Thursday, July 29, 2010


Last week I went on my first ever trip to Europe. It was not for the purpose of studying public transportation. But you don't need to know that . . .

Our trip to Spain involved no less than six modes of transportation. Here they are . . .
1. Car, from Provo to Salt Lake International Airport. I was going to take the bus, but I would have had to catch it at 6:45 for a flight that left at 12:00. I was actually okay with doing this, but the other members of my party were not. Sigh.

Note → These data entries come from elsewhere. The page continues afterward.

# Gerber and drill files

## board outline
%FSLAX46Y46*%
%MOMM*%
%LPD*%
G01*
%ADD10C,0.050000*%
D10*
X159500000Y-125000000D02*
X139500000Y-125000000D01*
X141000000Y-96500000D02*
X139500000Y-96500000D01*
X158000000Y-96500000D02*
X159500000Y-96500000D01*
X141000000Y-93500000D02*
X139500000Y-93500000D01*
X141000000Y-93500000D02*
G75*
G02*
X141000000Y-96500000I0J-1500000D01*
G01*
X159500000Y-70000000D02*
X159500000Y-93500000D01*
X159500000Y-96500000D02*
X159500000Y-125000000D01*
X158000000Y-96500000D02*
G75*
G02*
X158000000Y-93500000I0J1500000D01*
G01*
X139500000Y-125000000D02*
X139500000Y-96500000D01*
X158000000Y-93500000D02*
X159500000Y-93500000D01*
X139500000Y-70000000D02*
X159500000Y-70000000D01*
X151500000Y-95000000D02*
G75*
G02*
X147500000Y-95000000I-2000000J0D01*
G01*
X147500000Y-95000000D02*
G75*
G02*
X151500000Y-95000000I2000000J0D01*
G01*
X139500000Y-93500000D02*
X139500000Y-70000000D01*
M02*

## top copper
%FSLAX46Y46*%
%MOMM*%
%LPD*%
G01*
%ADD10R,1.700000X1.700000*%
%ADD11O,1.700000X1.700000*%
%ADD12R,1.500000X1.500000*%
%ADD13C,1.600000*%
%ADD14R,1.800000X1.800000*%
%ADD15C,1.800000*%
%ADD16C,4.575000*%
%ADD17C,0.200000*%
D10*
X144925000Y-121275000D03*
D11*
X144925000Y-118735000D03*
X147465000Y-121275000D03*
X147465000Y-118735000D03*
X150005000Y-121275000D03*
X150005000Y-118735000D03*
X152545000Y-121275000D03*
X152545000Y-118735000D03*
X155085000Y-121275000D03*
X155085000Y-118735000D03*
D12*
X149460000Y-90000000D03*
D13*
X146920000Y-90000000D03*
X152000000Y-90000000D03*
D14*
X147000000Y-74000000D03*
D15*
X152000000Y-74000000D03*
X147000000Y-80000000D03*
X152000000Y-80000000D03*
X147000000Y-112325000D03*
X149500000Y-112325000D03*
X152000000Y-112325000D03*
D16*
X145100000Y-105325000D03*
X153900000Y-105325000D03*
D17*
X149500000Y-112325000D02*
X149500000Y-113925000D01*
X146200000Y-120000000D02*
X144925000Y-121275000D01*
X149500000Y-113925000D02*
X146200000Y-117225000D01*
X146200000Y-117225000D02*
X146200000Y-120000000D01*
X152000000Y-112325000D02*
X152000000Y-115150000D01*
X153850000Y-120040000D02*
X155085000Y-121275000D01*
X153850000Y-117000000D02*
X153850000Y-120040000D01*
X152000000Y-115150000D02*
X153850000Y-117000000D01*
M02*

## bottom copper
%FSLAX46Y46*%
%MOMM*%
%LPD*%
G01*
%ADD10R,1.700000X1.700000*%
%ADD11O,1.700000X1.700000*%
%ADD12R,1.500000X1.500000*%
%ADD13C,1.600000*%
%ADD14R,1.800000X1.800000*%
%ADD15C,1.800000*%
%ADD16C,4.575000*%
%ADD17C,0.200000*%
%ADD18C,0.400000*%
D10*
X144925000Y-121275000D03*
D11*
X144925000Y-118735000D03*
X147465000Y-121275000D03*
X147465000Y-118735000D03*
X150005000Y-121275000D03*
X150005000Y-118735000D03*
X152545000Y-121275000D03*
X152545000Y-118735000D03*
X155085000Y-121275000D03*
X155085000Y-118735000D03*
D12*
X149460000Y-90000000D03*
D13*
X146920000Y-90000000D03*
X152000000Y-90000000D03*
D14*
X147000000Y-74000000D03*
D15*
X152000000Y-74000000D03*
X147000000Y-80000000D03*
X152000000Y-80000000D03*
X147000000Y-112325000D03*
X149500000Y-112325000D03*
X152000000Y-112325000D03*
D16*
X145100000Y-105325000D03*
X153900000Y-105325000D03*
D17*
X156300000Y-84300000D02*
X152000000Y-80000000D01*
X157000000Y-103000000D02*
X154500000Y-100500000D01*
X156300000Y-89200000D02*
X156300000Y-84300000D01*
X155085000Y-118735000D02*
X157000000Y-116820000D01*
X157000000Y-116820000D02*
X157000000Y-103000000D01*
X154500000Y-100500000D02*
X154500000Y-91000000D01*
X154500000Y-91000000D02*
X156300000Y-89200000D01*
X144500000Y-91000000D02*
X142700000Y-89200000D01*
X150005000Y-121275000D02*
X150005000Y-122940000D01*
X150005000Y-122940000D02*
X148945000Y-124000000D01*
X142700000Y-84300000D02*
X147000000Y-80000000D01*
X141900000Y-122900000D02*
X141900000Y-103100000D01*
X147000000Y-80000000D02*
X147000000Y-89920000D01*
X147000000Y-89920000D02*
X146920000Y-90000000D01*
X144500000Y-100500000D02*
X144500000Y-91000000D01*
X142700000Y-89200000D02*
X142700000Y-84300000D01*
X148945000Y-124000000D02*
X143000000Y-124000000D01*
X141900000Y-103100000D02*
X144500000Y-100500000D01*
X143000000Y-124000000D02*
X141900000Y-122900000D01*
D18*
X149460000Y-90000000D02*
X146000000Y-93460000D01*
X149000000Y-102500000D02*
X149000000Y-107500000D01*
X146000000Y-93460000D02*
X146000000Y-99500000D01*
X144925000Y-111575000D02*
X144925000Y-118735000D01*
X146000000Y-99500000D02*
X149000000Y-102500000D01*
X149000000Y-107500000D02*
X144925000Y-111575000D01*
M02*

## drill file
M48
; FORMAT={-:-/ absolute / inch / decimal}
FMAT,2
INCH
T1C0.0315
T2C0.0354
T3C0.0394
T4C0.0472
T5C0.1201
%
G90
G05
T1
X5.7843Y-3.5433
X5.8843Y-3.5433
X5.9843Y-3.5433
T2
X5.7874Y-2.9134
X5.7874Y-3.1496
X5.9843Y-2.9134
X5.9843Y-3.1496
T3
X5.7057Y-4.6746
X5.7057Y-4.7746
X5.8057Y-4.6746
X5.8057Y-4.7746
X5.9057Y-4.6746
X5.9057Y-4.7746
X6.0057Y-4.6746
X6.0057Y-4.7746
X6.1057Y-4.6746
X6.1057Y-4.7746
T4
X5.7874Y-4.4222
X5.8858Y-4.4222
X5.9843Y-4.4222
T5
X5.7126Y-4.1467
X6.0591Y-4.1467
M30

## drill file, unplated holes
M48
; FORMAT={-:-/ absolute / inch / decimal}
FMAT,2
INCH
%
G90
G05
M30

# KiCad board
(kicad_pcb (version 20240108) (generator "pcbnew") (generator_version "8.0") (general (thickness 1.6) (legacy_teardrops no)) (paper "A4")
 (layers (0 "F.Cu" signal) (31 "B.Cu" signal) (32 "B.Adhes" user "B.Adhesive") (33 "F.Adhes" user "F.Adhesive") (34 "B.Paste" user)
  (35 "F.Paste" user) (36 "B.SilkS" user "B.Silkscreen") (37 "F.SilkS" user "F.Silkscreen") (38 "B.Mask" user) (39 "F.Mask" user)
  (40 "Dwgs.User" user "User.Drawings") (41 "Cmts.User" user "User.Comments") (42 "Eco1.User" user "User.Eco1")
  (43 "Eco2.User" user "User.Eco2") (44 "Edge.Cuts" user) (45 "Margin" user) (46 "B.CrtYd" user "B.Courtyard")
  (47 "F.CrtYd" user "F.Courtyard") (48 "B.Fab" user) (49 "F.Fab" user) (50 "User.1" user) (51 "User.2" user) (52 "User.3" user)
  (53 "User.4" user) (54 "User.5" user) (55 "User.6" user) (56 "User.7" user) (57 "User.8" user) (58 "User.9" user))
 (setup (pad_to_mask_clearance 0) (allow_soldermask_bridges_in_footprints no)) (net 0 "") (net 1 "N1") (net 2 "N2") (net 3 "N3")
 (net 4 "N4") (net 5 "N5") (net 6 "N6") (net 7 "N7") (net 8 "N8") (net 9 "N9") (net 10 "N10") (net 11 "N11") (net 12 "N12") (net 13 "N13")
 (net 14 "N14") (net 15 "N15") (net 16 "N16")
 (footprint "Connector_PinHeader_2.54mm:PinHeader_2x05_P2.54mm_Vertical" (layer "F.Cu") (at 144.925 121.275 90)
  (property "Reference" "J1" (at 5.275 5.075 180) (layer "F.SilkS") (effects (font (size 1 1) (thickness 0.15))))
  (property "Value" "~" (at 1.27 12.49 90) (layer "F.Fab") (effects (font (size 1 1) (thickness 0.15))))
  (pad "1" thru_hole rect (at 0 0 90) (size 1.7 1.7) (drill 1) (layers "*.Cu" "*.Mask") (remove_unused_layers no) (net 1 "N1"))
  (pad "2" thru_hole oval (at 2.54 0 90) (size 1.7 1.7) (drill 1) (layers "*.Cu" "*.Mask") (remove_unused_layers no) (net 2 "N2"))
  (pad "3" thru_hole oval (at 0 2.54 90) (size 1.7 1.7) (drill 1) (layers "*.Cu" "*.Mask") (remove_unused_layers no) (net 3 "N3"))
  (pad "4" thru_hole oval (at 2.54 2.54 90) (size 1.7 1.7) (drill 1) (layers "*.Cu" "*.Mask") (remove_unused_layers no) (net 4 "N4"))
  (pad "5" thru_hole oval (at 0 5.08 90) (size 1.7 1.7) (drill 1) (layers "*.Cu" "*.Mask") (remove_unused_layers no) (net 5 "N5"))
  (pad "6" thru_hole oval (at 2.54 5.08 90) (size 1.7 1.7) (drill 1) (layers "*.Cu" "*.Mask") (remove_unused_layers no) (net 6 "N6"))
  (pad "7" thru_hole oval (at 0 7.62 90) (size 1.7 1.7) (drill 1) (layers "*.Cu" "*.Mask") (remove_unused_layers no) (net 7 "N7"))
  (pad "8" thru_hole oval (at 2.54 7.62 90) (size 1.7 1.7) (drill 1) (layers "*.Cu" "*.Mask") (remove_unused_layers no) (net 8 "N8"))
  (pad "9" thru_hole oval (at 0 10.16 90) (size 1.7 1.7) (drill 1) (layers "*.Cu" "*.Mask") (remove_unused_layers no) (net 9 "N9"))
  (pad "10" thru_hole oval (at 2.54 10.16 90) (size 1.7 1.7) (drill 1) (layers "*.Cu" "*.Mask") (remove_unused_layers no) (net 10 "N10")))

2. Plane, from Salt Lake to Atlanta to Madrid. Someday, when I am a rich and famous Busninja, I will fly business class. Then my knees won't hurt when I get off the plane. Also, I may be able at some point to sleep on a flight. I even took a sleeping pill on the flight from Atlanta to Madrid, since we were going to arrive in Madrid at 10:00 a.m. local time. No effect. Instead, I watched Alice and Wonderland and Percy Jackson and the Olympians.
Barajas Airport, Madrid
3. Madrid Metro, from Barajas Airport to Nuevos Ministerios. We walked all the way across the airport to catch the Metro, only to find out that it stops at all the terminals. Boo. Oh well, it helped burn off some of the paella I ate later that week. The Madrid Metro was nice and clean, and it moved quickly. It was also pretty full, which warmed my heart. It cost €1 to ride. Yay.

4. Cercanía Renfe, from Nuevos Ministerios to Méndez Alvaro/Estación del Sur. The Cercanía is a mid-size train, larger than the Metro but smaller than the high-speed Ave. We started out underground but went up to the sunny side to transfer to the bus station (the only part of Madrid I saw by day outside of the airport). The train station we waited at, though a ways underground, was clean and well-ventilated. Which is good, because we were all very tired. It cost us €1,3 to ride three stations on the cercanía.

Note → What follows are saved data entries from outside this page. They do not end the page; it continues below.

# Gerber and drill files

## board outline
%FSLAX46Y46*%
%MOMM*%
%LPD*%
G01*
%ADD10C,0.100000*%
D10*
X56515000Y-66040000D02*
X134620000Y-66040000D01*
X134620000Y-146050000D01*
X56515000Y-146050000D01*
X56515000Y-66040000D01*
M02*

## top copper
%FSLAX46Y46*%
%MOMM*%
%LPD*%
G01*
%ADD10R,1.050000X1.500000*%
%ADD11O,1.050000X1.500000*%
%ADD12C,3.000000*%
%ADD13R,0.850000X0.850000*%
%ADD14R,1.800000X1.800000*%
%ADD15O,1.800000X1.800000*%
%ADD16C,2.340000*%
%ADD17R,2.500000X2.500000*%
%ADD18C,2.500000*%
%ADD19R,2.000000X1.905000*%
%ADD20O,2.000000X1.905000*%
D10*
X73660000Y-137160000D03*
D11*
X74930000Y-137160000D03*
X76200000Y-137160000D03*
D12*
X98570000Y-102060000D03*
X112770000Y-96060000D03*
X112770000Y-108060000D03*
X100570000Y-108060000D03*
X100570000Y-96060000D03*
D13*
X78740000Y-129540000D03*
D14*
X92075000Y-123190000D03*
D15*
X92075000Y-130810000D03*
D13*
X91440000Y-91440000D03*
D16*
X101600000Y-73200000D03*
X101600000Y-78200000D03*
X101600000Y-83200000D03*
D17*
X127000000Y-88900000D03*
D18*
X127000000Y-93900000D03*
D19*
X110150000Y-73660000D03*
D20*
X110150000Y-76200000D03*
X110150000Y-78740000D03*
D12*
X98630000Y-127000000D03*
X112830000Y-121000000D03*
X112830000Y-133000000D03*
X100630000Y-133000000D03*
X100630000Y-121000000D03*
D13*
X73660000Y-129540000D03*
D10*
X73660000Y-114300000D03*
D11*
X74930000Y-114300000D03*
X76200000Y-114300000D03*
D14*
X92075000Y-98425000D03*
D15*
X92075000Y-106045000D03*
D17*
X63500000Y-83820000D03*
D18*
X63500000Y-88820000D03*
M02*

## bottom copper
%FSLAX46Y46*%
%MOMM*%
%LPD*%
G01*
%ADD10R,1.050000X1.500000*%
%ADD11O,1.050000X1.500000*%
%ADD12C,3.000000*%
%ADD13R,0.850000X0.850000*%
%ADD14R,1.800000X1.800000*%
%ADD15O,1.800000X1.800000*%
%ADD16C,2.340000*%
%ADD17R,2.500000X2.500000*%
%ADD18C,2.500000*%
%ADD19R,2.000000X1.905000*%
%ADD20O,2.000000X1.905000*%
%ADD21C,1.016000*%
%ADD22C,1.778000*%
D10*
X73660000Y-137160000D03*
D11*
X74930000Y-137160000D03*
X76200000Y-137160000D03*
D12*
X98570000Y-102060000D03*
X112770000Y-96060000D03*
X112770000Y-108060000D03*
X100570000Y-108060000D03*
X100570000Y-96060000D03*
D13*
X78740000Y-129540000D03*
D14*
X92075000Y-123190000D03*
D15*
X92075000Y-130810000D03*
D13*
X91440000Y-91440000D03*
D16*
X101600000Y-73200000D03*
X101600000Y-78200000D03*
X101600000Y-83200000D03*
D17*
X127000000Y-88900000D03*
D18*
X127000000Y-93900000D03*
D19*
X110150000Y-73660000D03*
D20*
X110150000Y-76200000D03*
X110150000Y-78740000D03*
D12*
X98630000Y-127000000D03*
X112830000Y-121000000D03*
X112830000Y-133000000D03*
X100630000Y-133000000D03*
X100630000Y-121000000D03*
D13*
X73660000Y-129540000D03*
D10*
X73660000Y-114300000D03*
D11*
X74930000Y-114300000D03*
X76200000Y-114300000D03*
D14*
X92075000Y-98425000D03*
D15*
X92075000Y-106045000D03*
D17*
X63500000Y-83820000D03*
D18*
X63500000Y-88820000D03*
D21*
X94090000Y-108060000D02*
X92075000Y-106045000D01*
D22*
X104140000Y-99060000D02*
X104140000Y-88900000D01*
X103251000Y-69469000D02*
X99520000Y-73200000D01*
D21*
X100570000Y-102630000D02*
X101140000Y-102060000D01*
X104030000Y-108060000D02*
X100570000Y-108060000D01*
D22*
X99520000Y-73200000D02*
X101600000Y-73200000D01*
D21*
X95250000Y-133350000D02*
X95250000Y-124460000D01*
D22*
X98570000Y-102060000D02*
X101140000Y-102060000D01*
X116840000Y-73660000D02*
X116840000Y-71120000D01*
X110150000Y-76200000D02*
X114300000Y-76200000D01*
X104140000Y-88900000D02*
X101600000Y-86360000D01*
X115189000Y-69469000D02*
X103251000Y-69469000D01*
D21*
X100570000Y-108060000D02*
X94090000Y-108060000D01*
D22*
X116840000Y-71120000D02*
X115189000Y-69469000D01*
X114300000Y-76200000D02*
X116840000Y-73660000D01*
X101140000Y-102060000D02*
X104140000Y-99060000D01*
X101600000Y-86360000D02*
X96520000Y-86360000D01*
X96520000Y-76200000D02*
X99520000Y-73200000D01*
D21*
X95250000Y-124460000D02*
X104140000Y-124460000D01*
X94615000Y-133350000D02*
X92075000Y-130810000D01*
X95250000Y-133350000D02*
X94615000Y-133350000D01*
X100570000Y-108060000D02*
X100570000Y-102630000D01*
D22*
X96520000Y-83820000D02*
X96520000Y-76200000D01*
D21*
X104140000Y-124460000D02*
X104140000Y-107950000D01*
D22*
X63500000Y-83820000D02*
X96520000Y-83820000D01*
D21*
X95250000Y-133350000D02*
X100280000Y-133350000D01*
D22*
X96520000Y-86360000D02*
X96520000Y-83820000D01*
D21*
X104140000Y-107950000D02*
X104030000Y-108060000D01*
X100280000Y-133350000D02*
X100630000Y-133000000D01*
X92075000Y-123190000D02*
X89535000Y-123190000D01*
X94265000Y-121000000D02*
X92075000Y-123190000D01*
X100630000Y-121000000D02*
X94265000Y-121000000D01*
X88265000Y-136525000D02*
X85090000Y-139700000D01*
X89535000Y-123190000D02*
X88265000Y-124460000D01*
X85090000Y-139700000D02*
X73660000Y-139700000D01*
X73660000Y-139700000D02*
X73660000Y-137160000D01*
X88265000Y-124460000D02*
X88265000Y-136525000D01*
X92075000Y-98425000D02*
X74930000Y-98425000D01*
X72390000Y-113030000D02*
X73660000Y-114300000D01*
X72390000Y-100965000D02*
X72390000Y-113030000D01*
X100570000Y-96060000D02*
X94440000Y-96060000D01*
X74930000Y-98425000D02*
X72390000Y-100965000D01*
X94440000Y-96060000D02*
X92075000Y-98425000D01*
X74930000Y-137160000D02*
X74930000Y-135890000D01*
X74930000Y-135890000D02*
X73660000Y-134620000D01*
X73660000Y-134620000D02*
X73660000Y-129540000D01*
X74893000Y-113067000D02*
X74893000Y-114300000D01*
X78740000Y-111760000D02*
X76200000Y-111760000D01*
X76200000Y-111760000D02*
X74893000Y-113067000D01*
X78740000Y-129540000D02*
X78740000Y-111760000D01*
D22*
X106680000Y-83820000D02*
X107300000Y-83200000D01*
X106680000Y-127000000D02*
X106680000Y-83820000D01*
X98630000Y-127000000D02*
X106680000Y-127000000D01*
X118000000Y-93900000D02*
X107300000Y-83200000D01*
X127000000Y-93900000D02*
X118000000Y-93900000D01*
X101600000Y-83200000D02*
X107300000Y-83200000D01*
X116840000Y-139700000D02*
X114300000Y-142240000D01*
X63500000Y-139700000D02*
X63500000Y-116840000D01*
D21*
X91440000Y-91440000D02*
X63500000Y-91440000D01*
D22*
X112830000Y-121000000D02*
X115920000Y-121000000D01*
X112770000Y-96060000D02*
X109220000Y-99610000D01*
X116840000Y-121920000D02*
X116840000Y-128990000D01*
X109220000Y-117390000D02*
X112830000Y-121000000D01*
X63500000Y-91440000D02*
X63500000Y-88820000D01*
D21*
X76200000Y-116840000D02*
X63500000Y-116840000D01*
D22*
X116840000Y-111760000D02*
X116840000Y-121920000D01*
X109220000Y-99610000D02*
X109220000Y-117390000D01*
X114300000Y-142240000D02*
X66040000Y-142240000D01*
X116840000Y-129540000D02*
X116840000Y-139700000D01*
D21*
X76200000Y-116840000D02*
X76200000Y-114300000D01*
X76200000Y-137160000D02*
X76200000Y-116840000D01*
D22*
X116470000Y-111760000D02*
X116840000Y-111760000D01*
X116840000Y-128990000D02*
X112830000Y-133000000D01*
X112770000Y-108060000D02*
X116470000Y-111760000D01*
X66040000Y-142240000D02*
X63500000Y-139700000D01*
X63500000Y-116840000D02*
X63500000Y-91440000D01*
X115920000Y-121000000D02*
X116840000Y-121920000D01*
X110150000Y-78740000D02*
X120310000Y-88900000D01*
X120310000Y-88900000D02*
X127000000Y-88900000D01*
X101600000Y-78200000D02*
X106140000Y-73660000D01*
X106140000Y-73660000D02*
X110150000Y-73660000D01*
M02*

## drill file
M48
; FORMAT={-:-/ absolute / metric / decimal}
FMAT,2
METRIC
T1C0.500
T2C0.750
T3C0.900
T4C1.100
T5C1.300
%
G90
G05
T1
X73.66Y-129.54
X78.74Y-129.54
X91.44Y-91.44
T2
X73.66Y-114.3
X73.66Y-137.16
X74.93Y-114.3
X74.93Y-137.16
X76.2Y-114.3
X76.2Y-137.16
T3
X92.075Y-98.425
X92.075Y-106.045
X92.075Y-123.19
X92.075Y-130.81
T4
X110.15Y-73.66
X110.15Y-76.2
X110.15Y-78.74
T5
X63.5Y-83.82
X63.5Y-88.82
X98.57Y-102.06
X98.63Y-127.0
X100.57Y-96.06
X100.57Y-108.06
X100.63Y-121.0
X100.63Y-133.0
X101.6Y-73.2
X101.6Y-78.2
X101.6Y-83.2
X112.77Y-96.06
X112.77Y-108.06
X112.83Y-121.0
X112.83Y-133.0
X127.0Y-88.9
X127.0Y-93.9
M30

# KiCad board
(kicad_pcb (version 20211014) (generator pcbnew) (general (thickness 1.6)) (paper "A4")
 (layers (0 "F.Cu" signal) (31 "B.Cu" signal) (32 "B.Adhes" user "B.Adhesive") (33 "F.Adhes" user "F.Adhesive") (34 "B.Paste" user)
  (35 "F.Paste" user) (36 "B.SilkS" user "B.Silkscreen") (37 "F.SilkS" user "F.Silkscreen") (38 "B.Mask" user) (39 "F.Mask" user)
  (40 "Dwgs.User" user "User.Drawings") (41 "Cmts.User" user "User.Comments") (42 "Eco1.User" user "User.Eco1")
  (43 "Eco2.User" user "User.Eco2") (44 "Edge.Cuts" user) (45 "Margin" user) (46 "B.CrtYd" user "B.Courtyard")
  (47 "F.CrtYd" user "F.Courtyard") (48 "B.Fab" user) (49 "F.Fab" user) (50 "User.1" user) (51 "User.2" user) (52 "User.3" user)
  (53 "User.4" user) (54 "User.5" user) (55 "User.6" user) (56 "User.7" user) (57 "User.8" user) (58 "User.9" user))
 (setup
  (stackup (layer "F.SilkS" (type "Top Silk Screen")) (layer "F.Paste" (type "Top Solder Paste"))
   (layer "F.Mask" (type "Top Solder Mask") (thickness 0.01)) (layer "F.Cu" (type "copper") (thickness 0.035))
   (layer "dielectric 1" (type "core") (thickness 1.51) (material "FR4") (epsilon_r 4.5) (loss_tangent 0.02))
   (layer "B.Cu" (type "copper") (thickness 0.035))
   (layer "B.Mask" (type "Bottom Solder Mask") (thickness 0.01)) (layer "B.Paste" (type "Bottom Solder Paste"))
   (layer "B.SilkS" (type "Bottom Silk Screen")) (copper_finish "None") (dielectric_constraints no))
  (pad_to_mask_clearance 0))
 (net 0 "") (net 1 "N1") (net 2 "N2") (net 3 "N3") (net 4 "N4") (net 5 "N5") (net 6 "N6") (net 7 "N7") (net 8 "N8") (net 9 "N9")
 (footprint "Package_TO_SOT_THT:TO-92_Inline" (layer "F.Cu") (at 73.66 137.16)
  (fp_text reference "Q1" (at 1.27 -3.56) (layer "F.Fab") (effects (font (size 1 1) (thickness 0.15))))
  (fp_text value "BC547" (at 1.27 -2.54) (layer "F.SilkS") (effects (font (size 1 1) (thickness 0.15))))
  (pad "1" thru_hole rect (at 0 0) (size 1.05 1.5) (drill 0.75) (layers *.Cu *.Mask) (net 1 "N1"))
  (pad "2" thru_hole oval (at 1.27 0) (size 1.05 1.5) (drill 0.75) (layers *.Cu *.Mask) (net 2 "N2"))
  (pad "3" thru_hole oval (at 2.54 0) (size 1.05 1.5) (drill 0.75) (layers *.Cu *.Mask) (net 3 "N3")))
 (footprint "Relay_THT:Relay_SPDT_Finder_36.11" (layer "F.Cu") (at 98.57 102.06)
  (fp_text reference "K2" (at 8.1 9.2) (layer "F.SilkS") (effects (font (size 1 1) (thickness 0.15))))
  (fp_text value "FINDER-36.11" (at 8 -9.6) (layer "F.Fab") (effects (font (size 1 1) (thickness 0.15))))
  (pad "11" thru_hole circle (at 0 0) (size 3 3) (drill 1.3) (layers *.Cu *.Mask) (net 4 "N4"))
  (pad "12" thru_hole circle (at 14.2 -6) (size 3 3) (drill 1.3) (layers *.Cu *.Mask) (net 3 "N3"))
  (pad "14" thru_hole circle (at 14.2 6) (size 3 3) (drill 1.3) (layers *.Cu *.Mask) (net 3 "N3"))
  (pad "A1" thru_hole circle (at 2 6) (size 3 3) (drill 1.3) (layers *.Cu *.Mask) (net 4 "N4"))
  (pad "A2" thru_hole circle (at 2 -6) (size 3 3) (drill 1.3) (layers *.Cu *.Mask) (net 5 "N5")))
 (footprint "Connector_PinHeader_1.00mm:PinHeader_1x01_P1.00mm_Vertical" (layer "F.Cu") (at 78.74 129.54)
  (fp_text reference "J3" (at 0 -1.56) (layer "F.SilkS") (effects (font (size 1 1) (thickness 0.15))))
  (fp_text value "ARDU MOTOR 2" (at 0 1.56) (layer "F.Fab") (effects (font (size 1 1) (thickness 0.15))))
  (pad "1" thru_hole rect (at 0 0) (size 0.85 0.85) (drill 0.5) (layers *.Cu *.Mask) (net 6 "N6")))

Cercanía Train StatonInside the Cercanía
5. Intercity Bus (ALSA), from Estación del Sur to Granada. This bus was clean and air-conditioned (for which we were effusively grateful), but somewhat cramped, and included no bathroom. The picture should amply indicate how excited we were to still be traveling. It cost us €16,4 to ride this bus. It took us about five hours to get to Granada, including the bathroom break.
Estación del Sur

Somebody remind me again why I'm doing this

6. City Bus (Transportes Rober), from Estación de Autobuses de Granada to Hotel Carmen. I liked the city bus in Granada (more on that later). The level of patronization once again warmed my heart. The downside of that was that we had to stand, and we were so fetching tired. But then we got to the hotel and we were able to rest in peace (double-meaning intentional).